In the case when the carbon potential of the furnace atmosphere in heaters is lower than that of the product by an amount less than or equal to the LS, then the resulting signal JC, 2 after the third comparison unit 6 has a positive value and the valve 7 does not let it through. Thus, the regulation is carried out by comparing the signals Sc,; and B, in the usual way.

The carbon potential with various hydrocarbon additives can either decrease with increasing temperature or increase. Therefore, the carbon potential of the furnace atmosphere is different at points with different temperatures. The higher the difference in temperature, the greater the difference. When the temperature difference is less than 5, the sensitivity of the sensors does not reliably determine

This difference, therefore, the difference in 5 was chosen by us as the limit of temperature difference. Delta over 100 non-catastrophe

Zen, since in this case the sensor will be heated to temperatures when the reliability of the sensor starts to decrease. At high carbon potentials (1.3% C and above), at the carburizing temperature, the heaters work significantly less time than at low, and the potential, the less the heater works. Therefore, to increase the service life of heaters and other intra-furnace sites with a higher temperature, it is necessary to create an atmosphere whose carbon potential would decrease or at least not increase with increasing temperature.

increased, and thus achieve on the heaters a priyepimogo carbon potential, in which the nodes with a high temperature would work much longer than in commonly used atmospheres. This can be achieved using a device that allows the furnace to be operated in similar modes.

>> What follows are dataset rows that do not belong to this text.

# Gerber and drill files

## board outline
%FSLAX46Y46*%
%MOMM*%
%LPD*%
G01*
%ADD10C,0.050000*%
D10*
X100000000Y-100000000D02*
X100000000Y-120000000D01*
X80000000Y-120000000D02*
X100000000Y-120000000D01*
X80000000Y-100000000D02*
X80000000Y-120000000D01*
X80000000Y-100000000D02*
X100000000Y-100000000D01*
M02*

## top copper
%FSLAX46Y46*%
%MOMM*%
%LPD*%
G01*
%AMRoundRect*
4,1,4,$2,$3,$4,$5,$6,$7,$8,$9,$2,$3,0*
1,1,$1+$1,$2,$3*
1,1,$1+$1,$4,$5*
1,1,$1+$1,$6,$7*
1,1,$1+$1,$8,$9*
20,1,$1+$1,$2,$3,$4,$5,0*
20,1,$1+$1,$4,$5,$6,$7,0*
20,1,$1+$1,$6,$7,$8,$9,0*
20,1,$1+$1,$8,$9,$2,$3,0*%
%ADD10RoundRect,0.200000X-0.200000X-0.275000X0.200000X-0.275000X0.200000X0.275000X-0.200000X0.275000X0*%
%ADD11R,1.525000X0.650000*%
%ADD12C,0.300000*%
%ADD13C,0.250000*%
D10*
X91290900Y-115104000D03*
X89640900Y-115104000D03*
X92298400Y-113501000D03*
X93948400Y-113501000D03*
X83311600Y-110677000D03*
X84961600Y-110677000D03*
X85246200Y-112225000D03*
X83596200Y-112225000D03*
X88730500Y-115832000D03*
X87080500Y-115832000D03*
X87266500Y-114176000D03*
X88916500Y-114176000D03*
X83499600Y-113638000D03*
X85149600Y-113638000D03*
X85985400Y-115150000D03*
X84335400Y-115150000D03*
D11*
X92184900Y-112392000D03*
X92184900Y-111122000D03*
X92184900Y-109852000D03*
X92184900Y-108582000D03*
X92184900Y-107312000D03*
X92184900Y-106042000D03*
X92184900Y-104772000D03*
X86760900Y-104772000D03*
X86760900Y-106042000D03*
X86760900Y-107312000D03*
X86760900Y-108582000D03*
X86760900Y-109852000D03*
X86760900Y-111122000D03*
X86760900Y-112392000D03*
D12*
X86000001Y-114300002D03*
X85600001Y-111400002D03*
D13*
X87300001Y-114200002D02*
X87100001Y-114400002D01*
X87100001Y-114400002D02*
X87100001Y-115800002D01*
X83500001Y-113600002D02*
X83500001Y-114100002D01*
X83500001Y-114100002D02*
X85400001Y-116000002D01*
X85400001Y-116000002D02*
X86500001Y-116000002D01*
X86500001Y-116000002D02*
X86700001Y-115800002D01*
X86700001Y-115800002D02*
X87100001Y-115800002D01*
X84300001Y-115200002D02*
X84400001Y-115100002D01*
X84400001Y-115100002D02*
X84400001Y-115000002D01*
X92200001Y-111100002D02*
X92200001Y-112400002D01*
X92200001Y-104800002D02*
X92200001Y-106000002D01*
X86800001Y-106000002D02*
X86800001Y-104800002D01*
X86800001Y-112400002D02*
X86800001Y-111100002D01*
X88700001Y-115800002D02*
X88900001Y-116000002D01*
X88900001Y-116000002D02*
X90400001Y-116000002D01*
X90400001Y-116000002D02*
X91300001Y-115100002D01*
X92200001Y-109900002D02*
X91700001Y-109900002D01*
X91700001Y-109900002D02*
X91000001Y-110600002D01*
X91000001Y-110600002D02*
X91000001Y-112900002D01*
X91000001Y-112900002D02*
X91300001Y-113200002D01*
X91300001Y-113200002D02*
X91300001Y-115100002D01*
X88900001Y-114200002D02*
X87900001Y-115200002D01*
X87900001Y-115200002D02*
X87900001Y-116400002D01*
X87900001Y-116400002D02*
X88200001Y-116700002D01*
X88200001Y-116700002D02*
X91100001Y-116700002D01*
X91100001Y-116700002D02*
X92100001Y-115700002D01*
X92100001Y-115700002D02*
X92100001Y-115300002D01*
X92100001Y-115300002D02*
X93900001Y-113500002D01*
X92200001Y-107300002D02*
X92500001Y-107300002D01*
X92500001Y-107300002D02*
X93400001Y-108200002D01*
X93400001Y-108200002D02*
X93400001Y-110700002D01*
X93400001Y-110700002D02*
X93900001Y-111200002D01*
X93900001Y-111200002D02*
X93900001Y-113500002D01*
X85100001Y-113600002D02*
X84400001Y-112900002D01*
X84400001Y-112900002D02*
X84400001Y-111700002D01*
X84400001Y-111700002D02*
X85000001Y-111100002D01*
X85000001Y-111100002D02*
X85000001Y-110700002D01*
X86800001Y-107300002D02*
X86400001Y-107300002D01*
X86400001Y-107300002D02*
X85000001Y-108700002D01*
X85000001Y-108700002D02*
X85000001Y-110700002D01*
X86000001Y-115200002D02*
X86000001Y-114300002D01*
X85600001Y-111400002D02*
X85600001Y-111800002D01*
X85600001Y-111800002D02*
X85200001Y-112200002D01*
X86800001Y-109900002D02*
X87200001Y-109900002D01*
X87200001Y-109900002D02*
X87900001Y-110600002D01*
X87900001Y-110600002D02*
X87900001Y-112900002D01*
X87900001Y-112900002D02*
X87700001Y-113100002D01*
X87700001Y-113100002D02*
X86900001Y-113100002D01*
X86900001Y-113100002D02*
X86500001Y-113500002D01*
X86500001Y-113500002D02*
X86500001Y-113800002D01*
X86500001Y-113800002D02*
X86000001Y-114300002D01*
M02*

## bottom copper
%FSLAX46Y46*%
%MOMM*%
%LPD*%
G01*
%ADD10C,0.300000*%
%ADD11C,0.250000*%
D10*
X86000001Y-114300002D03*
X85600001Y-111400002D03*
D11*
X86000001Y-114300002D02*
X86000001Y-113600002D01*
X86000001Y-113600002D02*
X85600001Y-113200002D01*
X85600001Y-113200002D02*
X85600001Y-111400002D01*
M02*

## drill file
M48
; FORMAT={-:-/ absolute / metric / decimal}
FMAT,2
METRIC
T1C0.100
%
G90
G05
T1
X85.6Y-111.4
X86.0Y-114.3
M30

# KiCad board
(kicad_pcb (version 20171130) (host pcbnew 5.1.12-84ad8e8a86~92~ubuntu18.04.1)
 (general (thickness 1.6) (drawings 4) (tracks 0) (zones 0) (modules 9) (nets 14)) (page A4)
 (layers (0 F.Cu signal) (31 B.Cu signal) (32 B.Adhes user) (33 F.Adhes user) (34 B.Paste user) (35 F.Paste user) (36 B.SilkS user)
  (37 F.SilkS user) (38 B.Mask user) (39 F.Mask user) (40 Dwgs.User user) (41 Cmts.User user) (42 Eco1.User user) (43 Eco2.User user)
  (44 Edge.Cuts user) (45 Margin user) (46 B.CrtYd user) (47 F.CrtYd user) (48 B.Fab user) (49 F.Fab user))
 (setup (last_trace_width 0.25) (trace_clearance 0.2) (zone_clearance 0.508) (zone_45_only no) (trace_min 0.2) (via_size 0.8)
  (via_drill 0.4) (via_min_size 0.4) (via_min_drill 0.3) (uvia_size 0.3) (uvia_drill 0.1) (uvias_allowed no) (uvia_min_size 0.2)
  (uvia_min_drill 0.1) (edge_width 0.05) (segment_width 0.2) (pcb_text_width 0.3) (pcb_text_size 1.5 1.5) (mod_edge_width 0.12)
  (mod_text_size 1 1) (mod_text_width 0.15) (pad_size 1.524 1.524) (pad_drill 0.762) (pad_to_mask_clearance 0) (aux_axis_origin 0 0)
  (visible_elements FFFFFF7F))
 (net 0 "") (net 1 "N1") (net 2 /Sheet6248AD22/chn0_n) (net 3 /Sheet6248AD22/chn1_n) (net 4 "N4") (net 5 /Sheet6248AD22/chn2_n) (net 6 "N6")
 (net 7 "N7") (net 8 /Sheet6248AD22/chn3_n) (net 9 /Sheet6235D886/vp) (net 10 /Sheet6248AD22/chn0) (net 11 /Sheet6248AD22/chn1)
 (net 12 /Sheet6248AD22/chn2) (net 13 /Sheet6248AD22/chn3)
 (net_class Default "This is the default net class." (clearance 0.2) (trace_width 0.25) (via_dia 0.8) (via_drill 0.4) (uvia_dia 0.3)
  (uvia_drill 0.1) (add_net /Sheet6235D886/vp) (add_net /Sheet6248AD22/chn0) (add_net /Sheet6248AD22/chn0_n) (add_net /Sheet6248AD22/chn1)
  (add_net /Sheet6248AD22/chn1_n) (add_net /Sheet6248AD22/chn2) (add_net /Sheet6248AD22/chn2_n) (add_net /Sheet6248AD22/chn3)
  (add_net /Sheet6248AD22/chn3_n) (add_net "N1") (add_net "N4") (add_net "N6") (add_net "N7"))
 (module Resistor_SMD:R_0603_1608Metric (layer F.Cu) (at 90.465900 115.104000)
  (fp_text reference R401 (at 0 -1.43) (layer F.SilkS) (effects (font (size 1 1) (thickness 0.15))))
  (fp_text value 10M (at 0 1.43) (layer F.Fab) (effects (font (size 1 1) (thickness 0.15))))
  (pad 2 smd roundrect (at 0.825 0) (size 0.8 0.95) (layers F.Cu F.Mask F.Paste) (roundrect_rratio 0.25) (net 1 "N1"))
  (pad 1 smd roundrect (at -0.825 0) (size 0.8 0.95) (layers F.Cu F.Mask F.Paste) (roundrect_rratio 0.25) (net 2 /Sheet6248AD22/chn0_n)))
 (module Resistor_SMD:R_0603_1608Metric (layer F.Cu) (at 93.123400 113.501000)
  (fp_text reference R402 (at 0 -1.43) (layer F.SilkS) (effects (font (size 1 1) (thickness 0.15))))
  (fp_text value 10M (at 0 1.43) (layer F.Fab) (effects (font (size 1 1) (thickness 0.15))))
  (pad 1 smd roundrect (at -0.825 0) (size 0.8 0.95) (layers F.Cu F.Mask F.Paste) (roundrect_rratio 0.25) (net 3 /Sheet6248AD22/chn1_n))
  (pad 2 smd roundrect (at 0.825 0) (size 0.8 0.95) (layers F.Cu F.Mask F.Paste) (roundrect_rratio 0.25) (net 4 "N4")))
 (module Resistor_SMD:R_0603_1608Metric (layer F.Cu) (at 84.136600 110.677000)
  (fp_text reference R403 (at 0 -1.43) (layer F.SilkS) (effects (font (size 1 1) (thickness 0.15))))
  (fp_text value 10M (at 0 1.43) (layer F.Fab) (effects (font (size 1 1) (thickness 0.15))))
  (pad 1 smd roundrect (at -0.825 0) (size 0.8 0.95) (layers F.Cu F.Mask F.Paste) (roundrect_rratio 0.25) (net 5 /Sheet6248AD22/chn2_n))
  (pad 2 smd roundrect (at 0.825 0) (size 0.8 0.95) (layers F.Cu F.Mask F.Paste) (roundrect_rratio 0.25) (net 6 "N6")))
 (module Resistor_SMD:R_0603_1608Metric (layer F.Cu) (at 84.421200 112.225000)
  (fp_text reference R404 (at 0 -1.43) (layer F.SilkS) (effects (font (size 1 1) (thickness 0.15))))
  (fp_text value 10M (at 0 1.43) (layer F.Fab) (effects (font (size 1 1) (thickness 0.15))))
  (pad 2 smd roundrect (at 0.825 0) (size 0.8 0.95) (layers F.Cu F.Mask F.Paste) (roundrect_rratio 0.25) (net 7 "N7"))
  (pad 1 smd roundrect (at -0.825 0) (size 0.8 0.95) (layers F.Cu F.Mask F.Paste) (roundrect_rratio 0.25) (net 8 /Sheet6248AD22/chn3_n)))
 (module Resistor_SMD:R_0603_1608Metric (layer F.Cu) (at 87.905500 115.832000)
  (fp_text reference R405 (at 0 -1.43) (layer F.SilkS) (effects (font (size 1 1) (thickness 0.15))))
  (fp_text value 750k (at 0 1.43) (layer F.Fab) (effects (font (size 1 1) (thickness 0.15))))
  (pad 2 smd roundrect (at 0.825 0) (size 0.8 0.95) (layers F.Cu F.Mask F.Paste) (roundrect_rratio 0.25) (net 1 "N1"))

Due to the measurement of carbon potential at two points in the space of the furnace, and also due to the regulation of the composition of the atmosphere so that the potential of the heaters is close

to the shrinkage potential, the potential drop across the furnace space is minimal, and hence the unevenness of the cemented layer is minimal, even if there is a temperature gradient on the product, which is possible due to the uneven temperature on the heaters, convective currents ,. different distances from the product to the heaters and the like.

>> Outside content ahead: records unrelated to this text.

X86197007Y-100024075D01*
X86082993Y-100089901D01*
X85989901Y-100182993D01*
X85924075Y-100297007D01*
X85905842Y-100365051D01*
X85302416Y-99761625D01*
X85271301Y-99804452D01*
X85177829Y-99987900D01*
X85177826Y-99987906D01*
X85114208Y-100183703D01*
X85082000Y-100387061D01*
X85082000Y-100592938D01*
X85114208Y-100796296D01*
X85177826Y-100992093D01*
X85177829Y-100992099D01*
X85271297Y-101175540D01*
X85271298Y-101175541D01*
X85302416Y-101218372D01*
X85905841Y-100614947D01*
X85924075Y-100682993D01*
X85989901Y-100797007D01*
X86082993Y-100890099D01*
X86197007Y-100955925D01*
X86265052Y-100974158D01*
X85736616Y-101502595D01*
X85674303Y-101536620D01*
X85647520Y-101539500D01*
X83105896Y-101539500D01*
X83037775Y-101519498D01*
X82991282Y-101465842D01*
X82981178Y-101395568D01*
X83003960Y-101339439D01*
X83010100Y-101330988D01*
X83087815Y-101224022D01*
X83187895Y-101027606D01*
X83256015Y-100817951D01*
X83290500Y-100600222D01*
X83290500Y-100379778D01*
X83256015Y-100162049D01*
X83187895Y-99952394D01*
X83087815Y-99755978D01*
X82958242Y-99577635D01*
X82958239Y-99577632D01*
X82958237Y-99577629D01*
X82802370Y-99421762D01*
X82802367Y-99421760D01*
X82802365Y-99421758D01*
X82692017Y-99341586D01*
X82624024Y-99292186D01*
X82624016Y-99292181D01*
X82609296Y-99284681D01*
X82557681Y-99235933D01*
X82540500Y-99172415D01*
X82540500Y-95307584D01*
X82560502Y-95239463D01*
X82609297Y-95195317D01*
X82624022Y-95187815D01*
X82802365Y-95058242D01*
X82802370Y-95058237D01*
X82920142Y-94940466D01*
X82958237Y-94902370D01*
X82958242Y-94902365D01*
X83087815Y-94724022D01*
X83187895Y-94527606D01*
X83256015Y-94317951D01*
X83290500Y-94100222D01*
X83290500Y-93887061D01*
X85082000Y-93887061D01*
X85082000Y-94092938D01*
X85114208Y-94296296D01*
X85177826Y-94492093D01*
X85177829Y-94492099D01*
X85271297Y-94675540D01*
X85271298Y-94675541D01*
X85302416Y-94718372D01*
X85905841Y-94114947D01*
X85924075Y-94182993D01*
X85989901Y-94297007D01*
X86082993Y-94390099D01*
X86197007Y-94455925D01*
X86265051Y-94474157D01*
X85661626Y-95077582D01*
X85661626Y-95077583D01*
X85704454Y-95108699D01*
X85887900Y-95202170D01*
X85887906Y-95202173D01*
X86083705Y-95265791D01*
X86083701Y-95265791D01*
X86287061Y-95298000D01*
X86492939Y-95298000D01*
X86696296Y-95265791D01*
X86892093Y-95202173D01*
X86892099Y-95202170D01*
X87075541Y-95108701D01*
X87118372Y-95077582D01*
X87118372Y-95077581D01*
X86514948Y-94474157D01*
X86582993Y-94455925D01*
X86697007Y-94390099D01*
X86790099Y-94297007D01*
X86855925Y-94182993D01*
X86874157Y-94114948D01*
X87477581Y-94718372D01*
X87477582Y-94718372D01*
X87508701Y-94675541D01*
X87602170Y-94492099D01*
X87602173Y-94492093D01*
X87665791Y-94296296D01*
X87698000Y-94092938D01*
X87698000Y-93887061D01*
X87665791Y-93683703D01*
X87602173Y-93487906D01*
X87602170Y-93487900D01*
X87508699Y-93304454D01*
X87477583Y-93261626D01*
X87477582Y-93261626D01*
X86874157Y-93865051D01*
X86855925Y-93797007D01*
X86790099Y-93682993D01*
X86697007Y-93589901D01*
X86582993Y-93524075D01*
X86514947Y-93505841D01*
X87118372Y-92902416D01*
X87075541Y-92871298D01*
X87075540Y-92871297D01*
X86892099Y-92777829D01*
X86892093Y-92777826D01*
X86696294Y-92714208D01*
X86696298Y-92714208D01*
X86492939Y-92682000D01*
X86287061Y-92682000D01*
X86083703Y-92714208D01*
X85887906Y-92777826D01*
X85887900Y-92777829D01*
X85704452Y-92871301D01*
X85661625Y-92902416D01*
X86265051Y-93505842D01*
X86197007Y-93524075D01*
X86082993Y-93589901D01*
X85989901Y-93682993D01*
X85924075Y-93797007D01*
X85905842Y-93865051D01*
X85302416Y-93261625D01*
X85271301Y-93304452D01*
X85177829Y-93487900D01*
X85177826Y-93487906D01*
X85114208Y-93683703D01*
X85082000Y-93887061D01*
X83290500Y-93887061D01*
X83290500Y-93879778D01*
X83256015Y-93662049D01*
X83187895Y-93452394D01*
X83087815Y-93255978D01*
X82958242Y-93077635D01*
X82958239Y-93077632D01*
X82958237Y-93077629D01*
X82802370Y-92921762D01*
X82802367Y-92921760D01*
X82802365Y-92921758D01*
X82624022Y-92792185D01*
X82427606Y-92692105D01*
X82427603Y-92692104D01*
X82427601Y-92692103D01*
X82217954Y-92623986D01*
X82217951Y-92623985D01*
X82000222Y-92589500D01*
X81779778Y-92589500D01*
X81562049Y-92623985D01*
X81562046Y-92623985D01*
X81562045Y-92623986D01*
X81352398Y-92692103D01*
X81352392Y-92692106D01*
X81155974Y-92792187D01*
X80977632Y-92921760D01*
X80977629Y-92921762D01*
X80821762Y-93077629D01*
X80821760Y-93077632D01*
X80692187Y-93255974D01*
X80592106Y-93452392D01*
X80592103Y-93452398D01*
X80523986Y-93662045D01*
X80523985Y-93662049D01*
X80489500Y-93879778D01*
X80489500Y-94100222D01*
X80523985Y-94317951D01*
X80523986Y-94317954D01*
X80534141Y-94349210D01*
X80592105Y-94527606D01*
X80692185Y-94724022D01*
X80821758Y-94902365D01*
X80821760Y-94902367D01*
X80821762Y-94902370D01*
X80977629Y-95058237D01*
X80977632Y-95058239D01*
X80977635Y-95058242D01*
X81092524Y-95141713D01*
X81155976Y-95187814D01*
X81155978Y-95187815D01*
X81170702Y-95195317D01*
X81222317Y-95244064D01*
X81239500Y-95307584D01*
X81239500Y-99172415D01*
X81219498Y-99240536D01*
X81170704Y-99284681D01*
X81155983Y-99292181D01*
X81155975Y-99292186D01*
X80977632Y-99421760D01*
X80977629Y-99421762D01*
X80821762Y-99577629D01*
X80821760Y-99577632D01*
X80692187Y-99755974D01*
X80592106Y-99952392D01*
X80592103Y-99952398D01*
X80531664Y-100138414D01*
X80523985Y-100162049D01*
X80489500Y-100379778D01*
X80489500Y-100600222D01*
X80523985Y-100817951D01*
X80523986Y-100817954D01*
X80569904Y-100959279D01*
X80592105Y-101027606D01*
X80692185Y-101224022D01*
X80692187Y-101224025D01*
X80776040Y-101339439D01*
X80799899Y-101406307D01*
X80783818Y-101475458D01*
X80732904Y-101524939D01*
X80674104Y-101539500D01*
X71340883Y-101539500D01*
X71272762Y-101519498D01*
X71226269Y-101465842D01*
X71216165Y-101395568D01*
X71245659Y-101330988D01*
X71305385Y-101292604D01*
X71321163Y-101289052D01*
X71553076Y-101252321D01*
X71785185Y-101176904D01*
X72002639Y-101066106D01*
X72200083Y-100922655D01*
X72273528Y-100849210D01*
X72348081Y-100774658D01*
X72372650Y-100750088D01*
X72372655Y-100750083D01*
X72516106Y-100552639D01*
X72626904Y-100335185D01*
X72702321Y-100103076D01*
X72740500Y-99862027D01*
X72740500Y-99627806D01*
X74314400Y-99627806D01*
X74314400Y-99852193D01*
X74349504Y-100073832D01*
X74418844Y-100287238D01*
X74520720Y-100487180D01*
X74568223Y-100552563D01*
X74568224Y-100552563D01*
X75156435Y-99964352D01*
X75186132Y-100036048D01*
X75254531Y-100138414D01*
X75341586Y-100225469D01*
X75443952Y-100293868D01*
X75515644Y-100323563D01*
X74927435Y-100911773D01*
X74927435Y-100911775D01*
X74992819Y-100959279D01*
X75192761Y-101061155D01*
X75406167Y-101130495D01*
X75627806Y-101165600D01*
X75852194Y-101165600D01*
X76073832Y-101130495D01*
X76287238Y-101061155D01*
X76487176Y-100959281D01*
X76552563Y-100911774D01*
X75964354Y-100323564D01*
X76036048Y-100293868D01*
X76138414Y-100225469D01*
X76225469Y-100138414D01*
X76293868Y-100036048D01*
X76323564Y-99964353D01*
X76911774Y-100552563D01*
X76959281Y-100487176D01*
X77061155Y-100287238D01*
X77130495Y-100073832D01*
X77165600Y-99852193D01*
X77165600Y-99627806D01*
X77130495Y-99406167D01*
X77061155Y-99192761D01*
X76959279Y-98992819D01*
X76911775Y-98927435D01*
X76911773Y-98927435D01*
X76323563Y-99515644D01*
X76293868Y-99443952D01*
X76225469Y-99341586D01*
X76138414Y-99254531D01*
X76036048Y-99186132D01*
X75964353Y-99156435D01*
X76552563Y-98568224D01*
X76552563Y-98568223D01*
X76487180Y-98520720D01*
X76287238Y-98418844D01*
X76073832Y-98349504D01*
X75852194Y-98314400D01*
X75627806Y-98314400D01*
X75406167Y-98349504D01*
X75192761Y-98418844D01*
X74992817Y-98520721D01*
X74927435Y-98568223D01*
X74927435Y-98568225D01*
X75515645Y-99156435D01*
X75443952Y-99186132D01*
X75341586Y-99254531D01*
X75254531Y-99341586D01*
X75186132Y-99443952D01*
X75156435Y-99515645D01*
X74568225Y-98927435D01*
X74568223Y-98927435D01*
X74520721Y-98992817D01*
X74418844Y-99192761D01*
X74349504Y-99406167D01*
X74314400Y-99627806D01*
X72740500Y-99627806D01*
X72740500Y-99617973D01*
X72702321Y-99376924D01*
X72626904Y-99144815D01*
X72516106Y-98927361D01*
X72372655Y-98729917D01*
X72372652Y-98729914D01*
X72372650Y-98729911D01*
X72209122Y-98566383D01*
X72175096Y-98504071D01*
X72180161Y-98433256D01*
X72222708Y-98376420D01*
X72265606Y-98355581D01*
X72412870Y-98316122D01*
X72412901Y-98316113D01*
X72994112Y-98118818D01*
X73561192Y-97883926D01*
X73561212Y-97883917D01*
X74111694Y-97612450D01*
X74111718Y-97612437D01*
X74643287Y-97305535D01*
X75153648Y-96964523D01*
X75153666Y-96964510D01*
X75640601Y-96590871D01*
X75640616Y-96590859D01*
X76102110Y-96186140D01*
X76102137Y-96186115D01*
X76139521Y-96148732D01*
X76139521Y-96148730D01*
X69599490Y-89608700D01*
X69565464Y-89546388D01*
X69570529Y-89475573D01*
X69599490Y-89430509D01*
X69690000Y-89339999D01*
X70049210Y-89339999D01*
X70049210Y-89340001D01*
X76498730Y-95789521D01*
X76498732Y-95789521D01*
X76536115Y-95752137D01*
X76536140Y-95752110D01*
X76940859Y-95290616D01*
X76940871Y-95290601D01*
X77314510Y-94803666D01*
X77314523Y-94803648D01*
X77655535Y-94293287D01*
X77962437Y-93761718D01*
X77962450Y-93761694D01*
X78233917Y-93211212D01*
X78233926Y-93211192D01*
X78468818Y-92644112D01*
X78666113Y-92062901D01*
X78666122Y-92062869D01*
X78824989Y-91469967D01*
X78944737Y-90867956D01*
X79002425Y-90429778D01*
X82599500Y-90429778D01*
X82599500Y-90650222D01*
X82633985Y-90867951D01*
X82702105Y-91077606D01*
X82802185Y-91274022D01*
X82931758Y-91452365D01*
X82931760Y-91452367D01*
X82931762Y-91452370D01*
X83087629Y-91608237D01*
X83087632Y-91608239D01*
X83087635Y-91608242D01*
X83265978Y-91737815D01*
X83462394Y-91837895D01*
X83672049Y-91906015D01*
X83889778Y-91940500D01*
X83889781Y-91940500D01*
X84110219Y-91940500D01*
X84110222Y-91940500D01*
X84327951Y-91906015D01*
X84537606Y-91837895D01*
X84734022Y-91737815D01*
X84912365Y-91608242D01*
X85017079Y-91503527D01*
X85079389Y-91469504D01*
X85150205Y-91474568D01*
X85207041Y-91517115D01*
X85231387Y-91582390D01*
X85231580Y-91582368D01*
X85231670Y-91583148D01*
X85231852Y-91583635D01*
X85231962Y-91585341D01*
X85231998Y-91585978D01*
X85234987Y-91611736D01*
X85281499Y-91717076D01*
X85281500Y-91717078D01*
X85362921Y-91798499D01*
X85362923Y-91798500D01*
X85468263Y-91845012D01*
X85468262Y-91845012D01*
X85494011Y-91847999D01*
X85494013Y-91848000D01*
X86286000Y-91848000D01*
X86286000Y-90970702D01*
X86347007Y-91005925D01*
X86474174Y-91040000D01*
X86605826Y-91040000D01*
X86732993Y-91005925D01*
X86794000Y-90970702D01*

The device was tested on a special stand. Under these conditions, the heaters worked for 5.5 thousand hours.

Thus, the proposed device in comparison with the prototype. is characterized by a longer heater operation (under the control conditions of this device, the heaters worked for 5.5 thousand hours, while using the prototype - 3.5 thousand hours) and the quality of the processed products increased due to a more uniform floor carbon potential.

Claims (1)

Invention Formula A device for automatically controlling the carbon potential of the atmosphere, mainly in a furnace with Compiled L.Abrosimov Editor M. Bandura Tehred V.Kadar Proofreader A.Zimokosov Order 1499/24 Edition 550 Subscription VNIIPI USSR State Committee for inventions and discoveries 113035, Moscow, Zh-35, Raushsk nab. „4/5 Production-full raft enterprise, Uzhgorod, Projecto st., 4 50 50 five 0 heaters, which contains a sensor connected to a dividing unit, a composition regulator, a carbon potential setpoint adjuster, and the regulator is connected to an overflow valve through an actuator, in order to increase the reliability of heaters, as well as the quality of the processed products, it is equipped with three comparison units, a valve, a second dividing unit, a carbon potential differential unit, a second sensor connected through a second dividing unit to the first comparison unit, the output of which connected to the second comparison unit, and the second input to the output of the first dividing unit, whose output is connected via the third comparison unit to the input of the gas composition regulator, the third comparison unit being connected to the carbon potential setpoint setting unit by the first input, the input of which is connected to the output of the second comparison unit, while the second sensor is installed near the heaters, and the input of the second comparison unit is connected to the setter of the carbon potential difference.